═══ Provided records ═══
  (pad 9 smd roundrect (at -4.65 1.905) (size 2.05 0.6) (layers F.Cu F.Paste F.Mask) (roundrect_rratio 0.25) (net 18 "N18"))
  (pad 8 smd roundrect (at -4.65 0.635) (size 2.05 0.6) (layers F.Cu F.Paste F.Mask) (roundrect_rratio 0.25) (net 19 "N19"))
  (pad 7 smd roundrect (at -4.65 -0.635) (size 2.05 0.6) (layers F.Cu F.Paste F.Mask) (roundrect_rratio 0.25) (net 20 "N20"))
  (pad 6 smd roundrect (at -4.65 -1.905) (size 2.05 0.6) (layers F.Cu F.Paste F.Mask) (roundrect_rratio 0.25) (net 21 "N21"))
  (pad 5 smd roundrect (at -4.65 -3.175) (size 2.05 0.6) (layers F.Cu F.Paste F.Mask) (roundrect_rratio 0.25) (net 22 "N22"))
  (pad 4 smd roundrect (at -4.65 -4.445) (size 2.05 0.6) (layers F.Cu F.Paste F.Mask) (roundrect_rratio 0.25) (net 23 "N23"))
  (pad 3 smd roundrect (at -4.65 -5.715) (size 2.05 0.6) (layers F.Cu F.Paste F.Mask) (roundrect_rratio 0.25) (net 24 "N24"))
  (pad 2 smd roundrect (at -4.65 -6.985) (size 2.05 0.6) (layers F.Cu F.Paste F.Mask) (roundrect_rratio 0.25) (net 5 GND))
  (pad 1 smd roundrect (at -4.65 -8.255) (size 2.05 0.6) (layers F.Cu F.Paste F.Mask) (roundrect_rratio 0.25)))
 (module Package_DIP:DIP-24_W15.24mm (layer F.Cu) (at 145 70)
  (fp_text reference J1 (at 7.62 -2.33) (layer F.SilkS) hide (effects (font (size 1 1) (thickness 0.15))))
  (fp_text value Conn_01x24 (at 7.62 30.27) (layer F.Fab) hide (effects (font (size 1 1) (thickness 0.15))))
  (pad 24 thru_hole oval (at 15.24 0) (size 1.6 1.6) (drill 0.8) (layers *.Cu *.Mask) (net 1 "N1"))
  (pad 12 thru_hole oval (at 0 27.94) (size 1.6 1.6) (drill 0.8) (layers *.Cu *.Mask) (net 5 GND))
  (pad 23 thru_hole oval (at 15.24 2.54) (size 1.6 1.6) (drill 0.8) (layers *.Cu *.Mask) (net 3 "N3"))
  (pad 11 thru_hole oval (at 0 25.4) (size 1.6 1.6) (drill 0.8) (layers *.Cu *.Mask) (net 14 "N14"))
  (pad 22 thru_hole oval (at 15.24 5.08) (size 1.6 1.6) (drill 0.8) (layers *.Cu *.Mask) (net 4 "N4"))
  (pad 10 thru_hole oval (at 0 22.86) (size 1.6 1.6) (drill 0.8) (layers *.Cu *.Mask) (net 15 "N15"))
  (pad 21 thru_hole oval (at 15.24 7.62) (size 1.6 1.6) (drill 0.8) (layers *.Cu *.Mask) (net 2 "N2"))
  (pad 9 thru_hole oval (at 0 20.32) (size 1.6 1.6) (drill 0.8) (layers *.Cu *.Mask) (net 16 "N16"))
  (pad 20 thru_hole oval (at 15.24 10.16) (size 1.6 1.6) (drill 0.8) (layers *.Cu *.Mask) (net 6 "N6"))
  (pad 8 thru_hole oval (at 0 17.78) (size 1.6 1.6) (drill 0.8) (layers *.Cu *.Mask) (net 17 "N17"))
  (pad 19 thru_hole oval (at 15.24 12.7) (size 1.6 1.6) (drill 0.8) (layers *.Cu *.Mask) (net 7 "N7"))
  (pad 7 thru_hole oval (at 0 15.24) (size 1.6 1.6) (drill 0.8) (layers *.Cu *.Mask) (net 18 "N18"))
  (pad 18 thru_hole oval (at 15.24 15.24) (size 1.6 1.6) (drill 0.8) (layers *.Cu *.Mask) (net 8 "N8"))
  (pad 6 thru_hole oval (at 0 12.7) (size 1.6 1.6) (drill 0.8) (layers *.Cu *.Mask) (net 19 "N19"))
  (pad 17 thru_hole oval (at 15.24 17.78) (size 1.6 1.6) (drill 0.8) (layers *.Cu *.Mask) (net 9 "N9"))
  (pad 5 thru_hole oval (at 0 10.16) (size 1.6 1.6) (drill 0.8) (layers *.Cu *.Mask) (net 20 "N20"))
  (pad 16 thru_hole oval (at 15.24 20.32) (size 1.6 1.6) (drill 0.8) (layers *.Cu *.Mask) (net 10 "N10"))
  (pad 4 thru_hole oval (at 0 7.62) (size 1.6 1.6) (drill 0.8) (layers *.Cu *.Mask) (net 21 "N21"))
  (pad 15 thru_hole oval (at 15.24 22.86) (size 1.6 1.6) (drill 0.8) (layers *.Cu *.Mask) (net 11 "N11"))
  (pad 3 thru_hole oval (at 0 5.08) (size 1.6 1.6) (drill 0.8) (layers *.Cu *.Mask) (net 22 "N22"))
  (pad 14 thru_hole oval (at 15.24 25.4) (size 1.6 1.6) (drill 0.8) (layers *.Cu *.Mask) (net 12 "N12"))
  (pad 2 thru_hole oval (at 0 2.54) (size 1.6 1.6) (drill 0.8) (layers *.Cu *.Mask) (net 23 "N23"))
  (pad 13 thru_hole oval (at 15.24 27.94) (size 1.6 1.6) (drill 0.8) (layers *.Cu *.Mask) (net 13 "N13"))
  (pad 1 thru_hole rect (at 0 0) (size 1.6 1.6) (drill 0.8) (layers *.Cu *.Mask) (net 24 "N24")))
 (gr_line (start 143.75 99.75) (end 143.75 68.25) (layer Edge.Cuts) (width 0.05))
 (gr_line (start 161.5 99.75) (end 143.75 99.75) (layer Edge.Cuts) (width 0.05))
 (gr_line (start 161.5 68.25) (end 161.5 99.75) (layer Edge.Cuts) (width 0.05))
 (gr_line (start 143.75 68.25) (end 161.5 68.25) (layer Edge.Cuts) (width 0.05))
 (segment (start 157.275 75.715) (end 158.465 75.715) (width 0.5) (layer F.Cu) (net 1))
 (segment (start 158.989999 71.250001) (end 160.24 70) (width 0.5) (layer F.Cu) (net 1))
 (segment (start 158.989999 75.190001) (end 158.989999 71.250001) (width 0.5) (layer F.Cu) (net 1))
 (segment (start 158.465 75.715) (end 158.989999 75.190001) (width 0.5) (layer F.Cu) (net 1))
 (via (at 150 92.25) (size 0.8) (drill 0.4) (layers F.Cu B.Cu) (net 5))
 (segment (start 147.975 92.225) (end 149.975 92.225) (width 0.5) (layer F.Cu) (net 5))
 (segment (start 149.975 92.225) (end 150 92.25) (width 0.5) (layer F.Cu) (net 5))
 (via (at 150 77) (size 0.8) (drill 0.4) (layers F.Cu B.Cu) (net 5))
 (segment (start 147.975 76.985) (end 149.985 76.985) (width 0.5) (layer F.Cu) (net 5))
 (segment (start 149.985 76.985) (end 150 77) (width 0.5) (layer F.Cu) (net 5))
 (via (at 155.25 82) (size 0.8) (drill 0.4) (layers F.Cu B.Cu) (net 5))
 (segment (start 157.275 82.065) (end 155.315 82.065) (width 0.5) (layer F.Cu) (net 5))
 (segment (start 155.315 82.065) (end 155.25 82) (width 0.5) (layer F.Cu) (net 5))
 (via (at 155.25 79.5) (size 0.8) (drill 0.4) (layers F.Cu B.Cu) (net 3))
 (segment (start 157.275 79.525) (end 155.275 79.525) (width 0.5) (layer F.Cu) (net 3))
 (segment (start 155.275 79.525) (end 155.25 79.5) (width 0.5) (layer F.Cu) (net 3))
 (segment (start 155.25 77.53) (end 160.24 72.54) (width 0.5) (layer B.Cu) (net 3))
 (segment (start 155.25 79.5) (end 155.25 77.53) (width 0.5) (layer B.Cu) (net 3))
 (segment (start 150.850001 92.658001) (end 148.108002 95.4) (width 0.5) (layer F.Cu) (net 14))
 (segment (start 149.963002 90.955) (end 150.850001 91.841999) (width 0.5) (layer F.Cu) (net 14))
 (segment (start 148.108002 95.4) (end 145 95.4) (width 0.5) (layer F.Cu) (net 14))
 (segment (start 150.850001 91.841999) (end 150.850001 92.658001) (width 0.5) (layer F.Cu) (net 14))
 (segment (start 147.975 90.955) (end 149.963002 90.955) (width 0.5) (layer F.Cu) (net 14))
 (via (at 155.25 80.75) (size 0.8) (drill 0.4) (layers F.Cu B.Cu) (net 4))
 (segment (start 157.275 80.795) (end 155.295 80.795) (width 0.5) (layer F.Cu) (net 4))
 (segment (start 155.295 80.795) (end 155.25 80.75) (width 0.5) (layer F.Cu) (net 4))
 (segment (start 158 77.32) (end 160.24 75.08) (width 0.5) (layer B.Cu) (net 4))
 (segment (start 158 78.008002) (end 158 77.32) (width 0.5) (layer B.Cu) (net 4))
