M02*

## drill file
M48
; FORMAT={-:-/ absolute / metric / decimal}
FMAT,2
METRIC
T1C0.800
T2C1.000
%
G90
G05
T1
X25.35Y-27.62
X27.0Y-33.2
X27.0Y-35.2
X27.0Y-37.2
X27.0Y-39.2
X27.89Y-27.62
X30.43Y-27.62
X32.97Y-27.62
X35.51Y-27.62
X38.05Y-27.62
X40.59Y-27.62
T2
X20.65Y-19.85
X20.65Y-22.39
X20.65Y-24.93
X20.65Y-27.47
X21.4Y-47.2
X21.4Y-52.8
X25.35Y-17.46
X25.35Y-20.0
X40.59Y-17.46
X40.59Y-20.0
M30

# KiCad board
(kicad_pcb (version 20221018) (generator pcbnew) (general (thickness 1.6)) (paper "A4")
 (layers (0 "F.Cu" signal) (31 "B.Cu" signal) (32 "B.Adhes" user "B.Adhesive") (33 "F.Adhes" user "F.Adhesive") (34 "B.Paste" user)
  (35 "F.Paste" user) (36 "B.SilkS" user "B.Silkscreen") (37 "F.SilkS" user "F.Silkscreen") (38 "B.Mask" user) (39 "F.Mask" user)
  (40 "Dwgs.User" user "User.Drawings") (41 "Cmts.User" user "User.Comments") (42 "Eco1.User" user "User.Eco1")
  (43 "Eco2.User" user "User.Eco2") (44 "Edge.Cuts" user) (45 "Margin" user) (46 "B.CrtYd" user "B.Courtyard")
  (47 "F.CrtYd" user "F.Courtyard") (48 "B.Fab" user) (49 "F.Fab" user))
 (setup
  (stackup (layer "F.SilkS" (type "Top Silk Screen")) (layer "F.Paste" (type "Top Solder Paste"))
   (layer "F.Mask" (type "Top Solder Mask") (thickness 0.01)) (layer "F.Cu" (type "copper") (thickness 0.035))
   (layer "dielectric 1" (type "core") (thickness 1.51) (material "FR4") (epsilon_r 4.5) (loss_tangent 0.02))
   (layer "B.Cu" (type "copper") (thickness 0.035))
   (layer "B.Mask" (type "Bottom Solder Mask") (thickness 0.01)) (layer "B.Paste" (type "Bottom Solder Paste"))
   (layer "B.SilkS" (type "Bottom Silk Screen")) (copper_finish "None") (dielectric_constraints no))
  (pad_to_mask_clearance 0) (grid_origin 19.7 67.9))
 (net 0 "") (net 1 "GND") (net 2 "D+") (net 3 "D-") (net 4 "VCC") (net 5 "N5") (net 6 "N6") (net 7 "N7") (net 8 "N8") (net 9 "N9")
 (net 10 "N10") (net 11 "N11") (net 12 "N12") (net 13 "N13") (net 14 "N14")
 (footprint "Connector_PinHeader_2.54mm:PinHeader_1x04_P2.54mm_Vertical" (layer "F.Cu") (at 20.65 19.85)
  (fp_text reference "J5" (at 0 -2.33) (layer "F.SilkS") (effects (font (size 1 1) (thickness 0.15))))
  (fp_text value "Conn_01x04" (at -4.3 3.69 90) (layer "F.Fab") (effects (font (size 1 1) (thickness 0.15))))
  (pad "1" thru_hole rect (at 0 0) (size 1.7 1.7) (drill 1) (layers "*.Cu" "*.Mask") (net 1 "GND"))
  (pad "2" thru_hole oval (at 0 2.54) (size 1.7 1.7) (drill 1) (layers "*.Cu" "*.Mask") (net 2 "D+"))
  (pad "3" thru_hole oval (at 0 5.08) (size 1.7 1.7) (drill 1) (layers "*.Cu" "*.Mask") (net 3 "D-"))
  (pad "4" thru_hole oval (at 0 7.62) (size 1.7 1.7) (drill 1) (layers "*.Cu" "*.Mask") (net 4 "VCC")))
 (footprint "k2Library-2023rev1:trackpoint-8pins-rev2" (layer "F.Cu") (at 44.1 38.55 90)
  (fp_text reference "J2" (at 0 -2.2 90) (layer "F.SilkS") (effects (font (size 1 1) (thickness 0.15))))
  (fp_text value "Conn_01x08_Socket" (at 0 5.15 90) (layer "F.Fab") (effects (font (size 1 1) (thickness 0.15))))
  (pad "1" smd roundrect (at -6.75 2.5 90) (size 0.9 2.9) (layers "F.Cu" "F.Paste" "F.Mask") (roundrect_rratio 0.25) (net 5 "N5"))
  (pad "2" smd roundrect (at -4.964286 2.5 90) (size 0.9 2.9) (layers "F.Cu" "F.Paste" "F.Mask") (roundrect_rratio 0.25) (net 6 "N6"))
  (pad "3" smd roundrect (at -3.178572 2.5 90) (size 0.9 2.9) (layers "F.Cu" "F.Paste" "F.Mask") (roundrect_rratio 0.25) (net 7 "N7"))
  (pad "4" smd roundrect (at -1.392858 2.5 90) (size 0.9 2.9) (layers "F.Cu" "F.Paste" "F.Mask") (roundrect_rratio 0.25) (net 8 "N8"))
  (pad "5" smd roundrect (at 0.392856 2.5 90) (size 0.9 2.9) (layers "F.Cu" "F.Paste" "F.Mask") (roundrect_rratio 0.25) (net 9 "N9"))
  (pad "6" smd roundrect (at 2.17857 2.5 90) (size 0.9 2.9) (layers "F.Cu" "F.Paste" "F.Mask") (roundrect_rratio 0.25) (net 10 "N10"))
═══
> [What to produce]: What lines of the material above contain "hide"? Return each of them.

> [Answer to the exercise]:
  (fp_text reference J1 (at 7.62 -2.33) (layer F.SilkS) hide (effects (font (size 1 1) (thickness 0.15))))
  (fp_text value Conn_01x24 (at 7.62 30.27) (layer F.Fab) hide (effects (font (size 1 1) (thickness 0.15))))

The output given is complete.